Makine bana güveniyor, sen güvenmesen bile.
- La machine me fait confiance. Même si vous ne me faites pas confiance.
- Bu çok bayağı! Sen bile yapmazsın bunu!
- C'est bas, même pour toi.
Bilişsel? Sen bile bu kelimenin ne demek olduğunu bilmiyorsun.
Tu ne sais même pas ce que ce mot veut dire.
Hey!

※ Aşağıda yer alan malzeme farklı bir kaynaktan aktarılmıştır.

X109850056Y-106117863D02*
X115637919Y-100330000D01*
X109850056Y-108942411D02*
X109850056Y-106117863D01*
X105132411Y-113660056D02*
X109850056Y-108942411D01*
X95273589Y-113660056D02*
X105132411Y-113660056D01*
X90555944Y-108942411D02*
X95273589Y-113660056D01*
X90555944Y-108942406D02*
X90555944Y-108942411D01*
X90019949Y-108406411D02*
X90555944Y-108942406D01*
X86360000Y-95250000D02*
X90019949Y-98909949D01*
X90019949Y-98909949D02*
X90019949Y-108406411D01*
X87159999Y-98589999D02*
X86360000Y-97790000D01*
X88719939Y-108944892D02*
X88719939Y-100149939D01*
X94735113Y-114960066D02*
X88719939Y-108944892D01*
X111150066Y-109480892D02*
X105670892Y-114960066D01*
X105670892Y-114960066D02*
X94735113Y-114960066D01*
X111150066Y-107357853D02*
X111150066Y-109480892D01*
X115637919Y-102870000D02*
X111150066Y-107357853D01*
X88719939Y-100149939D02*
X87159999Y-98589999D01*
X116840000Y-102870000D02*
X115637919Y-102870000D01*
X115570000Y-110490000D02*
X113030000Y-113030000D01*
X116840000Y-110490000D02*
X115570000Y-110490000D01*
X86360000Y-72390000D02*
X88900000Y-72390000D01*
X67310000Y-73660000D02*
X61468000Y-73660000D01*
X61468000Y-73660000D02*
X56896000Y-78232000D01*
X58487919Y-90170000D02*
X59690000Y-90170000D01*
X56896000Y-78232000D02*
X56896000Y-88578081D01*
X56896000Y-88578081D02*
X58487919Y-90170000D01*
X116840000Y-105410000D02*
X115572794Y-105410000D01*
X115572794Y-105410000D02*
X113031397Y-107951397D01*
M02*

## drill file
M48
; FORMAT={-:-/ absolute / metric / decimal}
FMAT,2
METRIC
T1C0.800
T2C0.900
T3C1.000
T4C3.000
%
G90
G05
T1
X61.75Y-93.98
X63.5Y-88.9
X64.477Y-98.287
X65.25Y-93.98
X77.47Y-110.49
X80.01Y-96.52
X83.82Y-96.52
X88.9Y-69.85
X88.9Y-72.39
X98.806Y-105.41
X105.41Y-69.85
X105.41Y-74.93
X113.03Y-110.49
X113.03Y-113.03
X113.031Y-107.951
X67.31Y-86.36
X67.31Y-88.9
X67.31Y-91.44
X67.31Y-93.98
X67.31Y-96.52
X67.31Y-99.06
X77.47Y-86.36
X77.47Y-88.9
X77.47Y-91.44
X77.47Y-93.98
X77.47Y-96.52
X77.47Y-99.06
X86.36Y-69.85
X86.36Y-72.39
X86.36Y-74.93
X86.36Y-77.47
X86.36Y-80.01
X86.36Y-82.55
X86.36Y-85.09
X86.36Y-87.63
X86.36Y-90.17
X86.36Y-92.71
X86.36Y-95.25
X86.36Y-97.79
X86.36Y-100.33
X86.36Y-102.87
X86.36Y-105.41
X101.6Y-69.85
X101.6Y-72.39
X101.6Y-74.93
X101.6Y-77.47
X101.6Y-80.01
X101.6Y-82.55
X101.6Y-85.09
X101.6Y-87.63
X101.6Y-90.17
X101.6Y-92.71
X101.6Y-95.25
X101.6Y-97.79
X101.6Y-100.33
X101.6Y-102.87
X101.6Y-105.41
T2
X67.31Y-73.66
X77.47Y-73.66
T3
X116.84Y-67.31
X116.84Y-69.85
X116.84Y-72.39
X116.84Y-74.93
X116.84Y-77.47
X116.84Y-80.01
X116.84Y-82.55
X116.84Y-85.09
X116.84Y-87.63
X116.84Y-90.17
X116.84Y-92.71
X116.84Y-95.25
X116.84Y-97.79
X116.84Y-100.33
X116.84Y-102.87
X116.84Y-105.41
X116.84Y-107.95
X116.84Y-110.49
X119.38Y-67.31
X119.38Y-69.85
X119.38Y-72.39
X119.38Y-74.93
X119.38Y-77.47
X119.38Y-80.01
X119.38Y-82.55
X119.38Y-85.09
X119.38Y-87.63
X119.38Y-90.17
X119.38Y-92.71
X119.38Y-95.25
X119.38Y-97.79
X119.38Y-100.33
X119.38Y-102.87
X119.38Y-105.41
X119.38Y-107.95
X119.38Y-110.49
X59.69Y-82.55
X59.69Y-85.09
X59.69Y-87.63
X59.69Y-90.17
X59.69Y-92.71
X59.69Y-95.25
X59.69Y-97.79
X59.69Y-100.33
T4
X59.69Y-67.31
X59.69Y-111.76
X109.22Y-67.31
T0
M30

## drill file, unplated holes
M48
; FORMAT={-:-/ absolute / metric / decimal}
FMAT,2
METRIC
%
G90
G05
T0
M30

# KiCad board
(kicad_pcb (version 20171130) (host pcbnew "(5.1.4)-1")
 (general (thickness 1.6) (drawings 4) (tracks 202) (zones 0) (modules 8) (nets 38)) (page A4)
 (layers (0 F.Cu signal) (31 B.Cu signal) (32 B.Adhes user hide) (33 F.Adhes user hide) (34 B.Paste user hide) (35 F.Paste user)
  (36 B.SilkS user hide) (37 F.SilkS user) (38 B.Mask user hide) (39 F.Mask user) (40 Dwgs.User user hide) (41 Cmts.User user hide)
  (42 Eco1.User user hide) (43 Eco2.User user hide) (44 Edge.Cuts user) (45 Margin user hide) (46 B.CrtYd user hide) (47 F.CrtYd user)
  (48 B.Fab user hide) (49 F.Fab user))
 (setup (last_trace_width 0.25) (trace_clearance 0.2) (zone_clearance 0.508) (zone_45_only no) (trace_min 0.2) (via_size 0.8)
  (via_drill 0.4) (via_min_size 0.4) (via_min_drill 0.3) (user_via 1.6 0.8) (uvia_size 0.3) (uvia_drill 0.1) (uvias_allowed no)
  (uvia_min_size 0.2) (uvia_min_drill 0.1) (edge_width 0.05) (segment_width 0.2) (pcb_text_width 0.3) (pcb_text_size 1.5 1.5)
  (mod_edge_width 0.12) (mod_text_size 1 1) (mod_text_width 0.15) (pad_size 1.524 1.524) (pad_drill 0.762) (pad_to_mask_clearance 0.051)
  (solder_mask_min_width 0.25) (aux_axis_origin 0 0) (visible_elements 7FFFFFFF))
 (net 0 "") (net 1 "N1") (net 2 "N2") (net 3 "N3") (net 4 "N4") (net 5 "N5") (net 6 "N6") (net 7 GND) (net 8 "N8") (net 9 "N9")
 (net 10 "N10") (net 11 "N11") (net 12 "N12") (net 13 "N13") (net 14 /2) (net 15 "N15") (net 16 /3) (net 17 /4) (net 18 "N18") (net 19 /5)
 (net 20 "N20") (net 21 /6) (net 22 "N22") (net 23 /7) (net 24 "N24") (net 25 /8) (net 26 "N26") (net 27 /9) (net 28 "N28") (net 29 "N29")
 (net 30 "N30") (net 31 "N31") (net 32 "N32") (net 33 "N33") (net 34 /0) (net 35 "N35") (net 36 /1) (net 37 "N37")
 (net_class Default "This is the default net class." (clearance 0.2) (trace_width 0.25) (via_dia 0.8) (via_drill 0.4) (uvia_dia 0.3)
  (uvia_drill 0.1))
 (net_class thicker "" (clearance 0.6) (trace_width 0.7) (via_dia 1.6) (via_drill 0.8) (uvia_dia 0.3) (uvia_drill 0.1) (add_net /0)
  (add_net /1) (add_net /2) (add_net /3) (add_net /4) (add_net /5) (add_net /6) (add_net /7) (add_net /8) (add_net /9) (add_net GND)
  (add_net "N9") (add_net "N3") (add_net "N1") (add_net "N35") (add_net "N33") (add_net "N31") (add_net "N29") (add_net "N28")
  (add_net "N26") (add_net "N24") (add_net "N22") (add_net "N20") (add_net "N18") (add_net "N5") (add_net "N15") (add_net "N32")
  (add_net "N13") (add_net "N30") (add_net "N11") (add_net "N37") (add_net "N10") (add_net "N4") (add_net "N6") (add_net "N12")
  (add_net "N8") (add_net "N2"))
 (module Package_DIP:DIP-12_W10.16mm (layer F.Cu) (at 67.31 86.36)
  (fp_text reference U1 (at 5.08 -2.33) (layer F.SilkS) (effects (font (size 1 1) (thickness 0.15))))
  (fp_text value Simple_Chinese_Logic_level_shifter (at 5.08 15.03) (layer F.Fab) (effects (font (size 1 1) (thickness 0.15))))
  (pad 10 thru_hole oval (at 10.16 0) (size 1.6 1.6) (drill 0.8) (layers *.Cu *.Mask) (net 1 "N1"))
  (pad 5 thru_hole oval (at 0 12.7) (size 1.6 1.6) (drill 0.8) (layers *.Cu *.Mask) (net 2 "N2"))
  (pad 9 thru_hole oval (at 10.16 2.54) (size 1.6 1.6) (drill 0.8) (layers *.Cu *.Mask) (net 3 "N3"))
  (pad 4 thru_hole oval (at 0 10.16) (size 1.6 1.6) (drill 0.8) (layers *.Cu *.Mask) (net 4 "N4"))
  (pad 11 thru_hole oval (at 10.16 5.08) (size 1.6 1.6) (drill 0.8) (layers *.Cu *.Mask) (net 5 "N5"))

Sen bile binebiliyor musun?
Peut-tu même monter?
Sen bile beni bulamadın.
Même toi, tu ne m'avais pas trouvé.
Bu noktada sen bile teknik olarak eggnog diyebilirsin ona.
Je ne pense pas que tu puisses techniquement dire que c'est un lait de poule à ce point là.
Doğru, Sen bile kazanacağıma İnanmadın.
C'est vrai, tu n'as pas cru que j'allais gagner.
Sen bile böylesi bir büyüyü yapabilecek kadar güçlü değilsin.
Même toi tu n'es pas assez puissant pour lancer un tel sort.
Aslında, sen bile dikkatini dağıtabilirsin.
Même toi, tu pourrais les distraire.
Öyle desem bile, sen Katolisin.
Et même si je l'avais fait, tu es Catholique.
Şu anda bile sen yanımdayken yuvamdayım. Yani ihtiyacım olan tek kişi sensin.
Encore maintenant, être avec toi, c'est tout ce qu'il me faut.
Sen mi? Seninle konuşmazdı bile.
Il ne t'aurait même pas parlé.
- Avukat bile değilsin sen.
- Tu n'es même pas avocate.
Yardımcıların çoğundan daha iyi iş çıkarıyorum burası doğru daha hukuk fakültesine gitmedim bile bi'de gidersem olacakları sen düşün.
Je suis meilleure que la plupart des associés dans cette affaire et je ne suis même pas encore allée en école de droit. imaginez ce que ça sera quand je l'aurai.
Sen nerede olduğunu bile bilmiyorsun!
Tu ne sais même pas où nous sommes!
Sen daha dans komitesinde bile değilsin ama şuraya bir bak.
Tout ça, et tu n'étais même pas au comité des fêtes.
Sen bir fili bile 5 metreden vuramazsın.
- Tu raterais un éléphant à 2 m.
Bunu ortaya çıkarmak benim ekibimin bile sadece bir gününü aldı. Başkaları ne yapar sen düşün...
Ça n'a pris qu'un jour à mon équipe pour déterrer ça, et les gens qui sont contre vous...
Sen kalk o kadar tarama yap asansör yaptır, yerin dibine indir bizi ama daha sokağın önünde ne var ne yok bakma bile.
Avec tous les scans et les baguettes et cet ascenseur que vous avez fait qui descend au milieu de la terre, et vous n'avez même pas pris la peine de nettoyer la rue autour de votre bâtiment?
Sen ve tayfan bir fiske bile yemeden paçayı kurtaracaksınız, öyle mi?
Et vous et votre équipe, vous vous en tirez uniquement avec un tape sur la main?
- Peki, sen böyle düşündü- - - Tek ipucumuz bile yok.
On n'a aucune piste.
Ama sen bunu ihtimal olarak bile görmüyorsun gibi geliyor.
On dirait que t'y penses même pas.
Kız arkadaşımın çekiciliğinin yarısına sahip bir kızı bile asla bulamazsın sen!
Il n'aura jamais une copine à moitié aussi sexy que la mienne.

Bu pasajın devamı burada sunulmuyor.